Opinion
November 29, 1920.
LIFE INSURANCE: Misrepresentation: Statutes: Cancer: Issue. The Statute of Missouri (Sec. 6937, R.S. 1909) provides that no misrepresentation made in obtaining a life insurance policy shall be deemed material, unless the matter misrepresented shall have actually contributed to the death; and that whether it did or not shall be a question for the jury. It was held that where the insured died of cancer of the womb, misrepresentations as to all other ailments could not be considered, and the sole issue would be, was the insured afflicted with cancer of the womb at the time she made the representation in her application and not whether she afterwards was so afflicted.
AFFIRMED.
E.G. Simrall and Claude Hardwicke for respondents.
F.W. Bull, A.S. Lytton, A. Stanford, Lyon and Martin E. Lawson for appellant.
This action is based on a policy of life insurance whereby plaintiff's mother was insured for their benefit in the sum of two thousand dollars. The mother died and defendant refusing payment, this suit followed.
The application for this insurance was made the 19th of January, 1918, and an examination of the insured was made by the defendant's physician the 17th of February following. The proofs of loss were admitted to have been made and the defense is based on fraudulent representations in the application for the policy. This defense must be governed by sec. 6937, Revised Statutes 1909, reading as follows; "No misrepresentation made in obtaining or securing a policy of insurance on the life or lives of any person or persons, citizens of this State, shall be deemed material, or render the policy void, unless the matter misrepresented shall have actually contributed to the contingency or event on which the policy is to become due and payable, and whether it so contributed in any case shall be a question for the jury."
The evidence for defendant without contradiction shows that the death resulted from cancer of the uterus and the question arising under this statement, is; did deceased make a misrepresentation as to being afflicted with such cancer when she applied for the insurance? And that question by explicit direction of the statute must be determined by the jury under the guidance of the rules of law applicable to jury trials; that is to say, the verdict of a jury would not be permitted to stand if it had no evidence upon which to rest. As applied to this case we must allow the verdict in favor of plaintiffs to stand unless we can declare, on the evidence, as a matter of law, that the deceased was guilty of misrepresentations in relation to being afflicted with cancer of the uterus when she made her application, including as a part thereof her statement to defendant's examining physician. She stated to such physician in writing on February 17, 1918, that she had not had a cancer or disease of the womb. Since deceased died of cancer of the womb, we are only interested in that disease, for the statute is plain that any misrepresentation as to any other affliction cannot be considered.
It is, of course, apparent that this statement did not relate to a cancer which may have come into existence after the statement was made, for she made no misrepresentation as to the future. So then we must inquire if the evidence shows, as a matter of law, that she was so afflicted at that time. Or, stated differently, is there any substantial evidence tending to show that deceased was not afflicted with cancer of the uterus at the date of her application. We find there is abundant evidence to that effect upon which the verdict may rest, and this, of course, will prevent us from declaring, as a matter of law, that she was so afflicted. We think, indeed, that the evidence against there being a cancer at that time preponderates over any evidence tending to show that a cancer did exist.

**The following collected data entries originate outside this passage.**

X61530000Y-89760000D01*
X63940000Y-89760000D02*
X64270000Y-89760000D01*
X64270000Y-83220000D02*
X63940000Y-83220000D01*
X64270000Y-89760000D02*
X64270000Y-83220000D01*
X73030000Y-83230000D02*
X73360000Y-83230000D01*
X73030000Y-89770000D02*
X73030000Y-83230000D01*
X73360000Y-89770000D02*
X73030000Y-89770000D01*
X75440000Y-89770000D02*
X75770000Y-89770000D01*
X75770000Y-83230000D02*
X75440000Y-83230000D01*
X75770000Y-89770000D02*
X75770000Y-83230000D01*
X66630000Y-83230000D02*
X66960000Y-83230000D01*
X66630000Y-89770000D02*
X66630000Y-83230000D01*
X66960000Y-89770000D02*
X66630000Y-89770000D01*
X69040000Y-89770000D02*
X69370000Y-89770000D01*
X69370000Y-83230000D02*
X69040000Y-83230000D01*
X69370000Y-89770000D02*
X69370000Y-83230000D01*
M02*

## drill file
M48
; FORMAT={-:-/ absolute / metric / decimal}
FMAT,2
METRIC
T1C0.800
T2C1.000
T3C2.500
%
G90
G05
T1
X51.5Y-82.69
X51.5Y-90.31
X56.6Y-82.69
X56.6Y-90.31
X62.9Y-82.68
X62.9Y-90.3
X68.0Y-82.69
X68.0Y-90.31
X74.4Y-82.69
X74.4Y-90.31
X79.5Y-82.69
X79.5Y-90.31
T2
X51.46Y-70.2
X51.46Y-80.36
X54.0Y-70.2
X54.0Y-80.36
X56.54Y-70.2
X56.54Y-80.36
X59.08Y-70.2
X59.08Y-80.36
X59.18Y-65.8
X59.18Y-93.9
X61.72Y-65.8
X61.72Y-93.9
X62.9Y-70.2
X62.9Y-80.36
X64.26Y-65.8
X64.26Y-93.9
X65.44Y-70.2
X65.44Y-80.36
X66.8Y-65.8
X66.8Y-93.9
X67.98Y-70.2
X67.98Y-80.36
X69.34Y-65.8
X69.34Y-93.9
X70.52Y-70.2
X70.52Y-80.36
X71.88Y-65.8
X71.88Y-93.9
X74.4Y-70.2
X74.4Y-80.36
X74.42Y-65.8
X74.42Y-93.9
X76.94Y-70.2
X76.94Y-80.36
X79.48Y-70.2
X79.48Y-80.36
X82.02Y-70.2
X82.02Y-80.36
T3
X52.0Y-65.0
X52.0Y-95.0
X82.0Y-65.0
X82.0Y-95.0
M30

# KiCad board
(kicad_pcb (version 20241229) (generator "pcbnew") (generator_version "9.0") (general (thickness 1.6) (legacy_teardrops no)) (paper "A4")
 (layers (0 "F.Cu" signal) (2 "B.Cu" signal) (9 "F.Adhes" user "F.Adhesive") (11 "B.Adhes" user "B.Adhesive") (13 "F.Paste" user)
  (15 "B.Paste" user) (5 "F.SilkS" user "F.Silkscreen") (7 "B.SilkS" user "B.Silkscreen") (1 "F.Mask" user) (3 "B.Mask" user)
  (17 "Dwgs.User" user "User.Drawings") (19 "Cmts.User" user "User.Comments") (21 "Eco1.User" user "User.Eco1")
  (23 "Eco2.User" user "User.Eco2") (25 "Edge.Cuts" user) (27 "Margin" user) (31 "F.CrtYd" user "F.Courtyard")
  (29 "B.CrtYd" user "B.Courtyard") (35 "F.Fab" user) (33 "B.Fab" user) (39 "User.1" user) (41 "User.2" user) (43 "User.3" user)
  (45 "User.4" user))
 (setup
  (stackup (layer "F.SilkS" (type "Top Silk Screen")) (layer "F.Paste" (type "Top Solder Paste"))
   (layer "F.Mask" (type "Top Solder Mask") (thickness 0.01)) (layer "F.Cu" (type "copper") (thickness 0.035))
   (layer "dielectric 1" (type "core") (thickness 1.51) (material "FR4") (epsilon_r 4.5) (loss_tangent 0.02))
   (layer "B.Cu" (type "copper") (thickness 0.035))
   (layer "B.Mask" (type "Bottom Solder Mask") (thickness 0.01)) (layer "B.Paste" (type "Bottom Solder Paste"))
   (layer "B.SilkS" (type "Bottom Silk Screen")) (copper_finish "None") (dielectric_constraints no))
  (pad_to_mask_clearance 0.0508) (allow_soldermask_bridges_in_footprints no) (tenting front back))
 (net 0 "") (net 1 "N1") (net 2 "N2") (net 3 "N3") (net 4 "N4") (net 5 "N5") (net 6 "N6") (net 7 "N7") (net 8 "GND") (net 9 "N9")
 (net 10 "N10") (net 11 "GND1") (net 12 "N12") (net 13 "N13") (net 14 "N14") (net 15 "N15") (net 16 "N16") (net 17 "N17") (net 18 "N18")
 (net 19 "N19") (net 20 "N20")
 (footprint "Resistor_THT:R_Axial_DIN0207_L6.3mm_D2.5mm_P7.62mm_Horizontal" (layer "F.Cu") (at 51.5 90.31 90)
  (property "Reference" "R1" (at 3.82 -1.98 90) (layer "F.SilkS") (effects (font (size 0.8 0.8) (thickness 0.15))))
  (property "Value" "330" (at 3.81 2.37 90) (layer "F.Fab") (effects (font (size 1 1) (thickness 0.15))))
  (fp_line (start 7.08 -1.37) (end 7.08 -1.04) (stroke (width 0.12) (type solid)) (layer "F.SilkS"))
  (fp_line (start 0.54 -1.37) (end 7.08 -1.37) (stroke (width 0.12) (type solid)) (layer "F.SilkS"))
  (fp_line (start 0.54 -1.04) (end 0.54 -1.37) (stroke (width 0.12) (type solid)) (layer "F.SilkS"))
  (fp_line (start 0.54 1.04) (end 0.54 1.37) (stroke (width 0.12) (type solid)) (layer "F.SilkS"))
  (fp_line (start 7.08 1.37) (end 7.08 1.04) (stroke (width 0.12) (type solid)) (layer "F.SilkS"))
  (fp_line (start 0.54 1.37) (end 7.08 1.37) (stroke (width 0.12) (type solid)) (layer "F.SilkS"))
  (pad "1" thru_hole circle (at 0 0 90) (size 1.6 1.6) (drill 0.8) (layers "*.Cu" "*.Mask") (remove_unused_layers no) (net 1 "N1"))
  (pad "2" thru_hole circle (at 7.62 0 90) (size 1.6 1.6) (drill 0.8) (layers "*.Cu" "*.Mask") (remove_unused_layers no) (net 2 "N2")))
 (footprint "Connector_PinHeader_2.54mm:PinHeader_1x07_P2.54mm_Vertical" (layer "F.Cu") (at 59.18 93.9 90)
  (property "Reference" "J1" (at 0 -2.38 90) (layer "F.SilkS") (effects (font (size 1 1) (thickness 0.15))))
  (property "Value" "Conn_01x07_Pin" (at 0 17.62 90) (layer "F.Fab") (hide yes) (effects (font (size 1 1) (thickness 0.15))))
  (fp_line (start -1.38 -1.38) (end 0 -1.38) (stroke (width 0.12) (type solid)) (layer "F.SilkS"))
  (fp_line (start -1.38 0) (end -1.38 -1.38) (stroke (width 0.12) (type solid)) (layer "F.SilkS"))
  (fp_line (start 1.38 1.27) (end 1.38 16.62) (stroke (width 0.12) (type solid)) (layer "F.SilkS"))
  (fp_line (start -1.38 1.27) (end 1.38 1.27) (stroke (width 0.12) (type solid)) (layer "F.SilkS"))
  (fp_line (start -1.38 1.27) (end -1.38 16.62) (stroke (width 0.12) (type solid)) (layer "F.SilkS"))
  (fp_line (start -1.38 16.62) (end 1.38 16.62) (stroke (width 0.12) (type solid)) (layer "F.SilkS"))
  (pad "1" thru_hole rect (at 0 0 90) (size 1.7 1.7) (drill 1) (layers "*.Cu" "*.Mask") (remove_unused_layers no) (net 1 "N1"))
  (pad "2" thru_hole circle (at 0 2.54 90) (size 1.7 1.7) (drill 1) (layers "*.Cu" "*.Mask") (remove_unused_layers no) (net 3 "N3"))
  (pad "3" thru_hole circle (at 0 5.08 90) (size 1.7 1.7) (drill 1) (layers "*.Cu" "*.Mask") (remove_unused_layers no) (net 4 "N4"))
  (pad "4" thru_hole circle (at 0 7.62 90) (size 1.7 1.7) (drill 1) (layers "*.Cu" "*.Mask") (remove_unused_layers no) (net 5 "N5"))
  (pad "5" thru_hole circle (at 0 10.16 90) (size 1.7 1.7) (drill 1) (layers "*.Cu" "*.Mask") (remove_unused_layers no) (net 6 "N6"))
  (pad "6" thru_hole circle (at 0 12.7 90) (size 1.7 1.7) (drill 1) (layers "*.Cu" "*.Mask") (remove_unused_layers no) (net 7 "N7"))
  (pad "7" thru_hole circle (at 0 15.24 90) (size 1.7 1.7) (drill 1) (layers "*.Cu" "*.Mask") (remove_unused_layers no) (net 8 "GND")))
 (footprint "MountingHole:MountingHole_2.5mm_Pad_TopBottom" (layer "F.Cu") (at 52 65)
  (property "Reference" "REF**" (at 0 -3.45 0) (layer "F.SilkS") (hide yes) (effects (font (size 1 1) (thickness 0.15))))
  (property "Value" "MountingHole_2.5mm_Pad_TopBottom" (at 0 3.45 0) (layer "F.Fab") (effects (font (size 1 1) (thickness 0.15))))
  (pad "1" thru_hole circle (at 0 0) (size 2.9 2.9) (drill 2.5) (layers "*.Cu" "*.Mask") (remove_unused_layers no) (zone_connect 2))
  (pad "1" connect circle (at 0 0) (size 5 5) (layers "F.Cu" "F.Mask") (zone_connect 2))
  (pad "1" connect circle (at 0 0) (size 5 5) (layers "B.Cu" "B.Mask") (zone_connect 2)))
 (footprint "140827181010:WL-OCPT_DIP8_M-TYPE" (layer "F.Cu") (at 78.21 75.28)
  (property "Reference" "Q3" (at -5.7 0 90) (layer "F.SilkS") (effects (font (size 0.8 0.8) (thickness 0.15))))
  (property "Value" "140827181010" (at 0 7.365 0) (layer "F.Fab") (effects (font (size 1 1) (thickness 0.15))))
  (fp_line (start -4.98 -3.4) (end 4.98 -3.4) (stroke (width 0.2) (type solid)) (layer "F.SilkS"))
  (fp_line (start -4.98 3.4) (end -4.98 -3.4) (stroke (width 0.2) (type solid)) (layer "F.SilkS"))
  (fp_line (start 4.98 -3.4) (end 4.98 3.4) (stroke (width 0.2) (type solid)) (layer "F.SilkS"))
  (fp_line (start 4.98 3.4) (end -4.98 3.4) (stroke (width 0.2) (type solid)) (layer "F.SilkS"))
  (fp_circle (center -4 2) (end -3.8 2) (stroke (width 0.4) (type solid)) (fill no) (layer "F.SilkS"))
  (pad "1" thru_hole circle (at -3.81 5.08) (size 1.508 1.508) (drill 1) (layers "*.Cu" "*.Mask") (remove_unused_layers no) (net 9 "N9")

In the first place defendant's examining physician who had prescribed for deceased prior to this and therefore had at least observed her, testified that at the date of the application she "seemed to be a strong, well woman." There was evidence tending to show that if she had had cancer at that time some evidence of it would have been exhibited in her appearance. Again a doctor, called as a witness by defendant, testified that something more than a month after her application he examined her and found she had "a bad flow," but he could not say what caused it. Another doctor called by defendant treated deceased at her death and stated he could not tell how long she had been afflicted, and that her trouble might have been syphilis.
There was other evidence of like character and yet we are asked to say as a matter of law, that deceased had cancer of the womb when she made her application. We have no doubt that we should not do so.
What we have written practically covers objections made to the instructions given for plaintiffs. There was no reversible error in them. The only criticism that can be made is that they put more burden on plaintiffs than was required by the law.
Repeating what we have already said; deceased died of cancer of the womb. That was established by defendant's evidence. Misrepresentation as to any other ailments are of no consequence. The only issue following that conceded fact is, was she so afflicted at the time she made her application for the policy? That issue was submitted to the jury in plaintiff's instruction No. 2, and defendant's No. 4.
Objections to the refusal of instruction "B" for defendant are covered by the foregoing.
We have examined authorities cited by defendant including Lewis v. Ins. Co., 209 S.W. 625, arising on a Colorado policy, and find they are not applicable.
The judgment should be affirmed. All concur.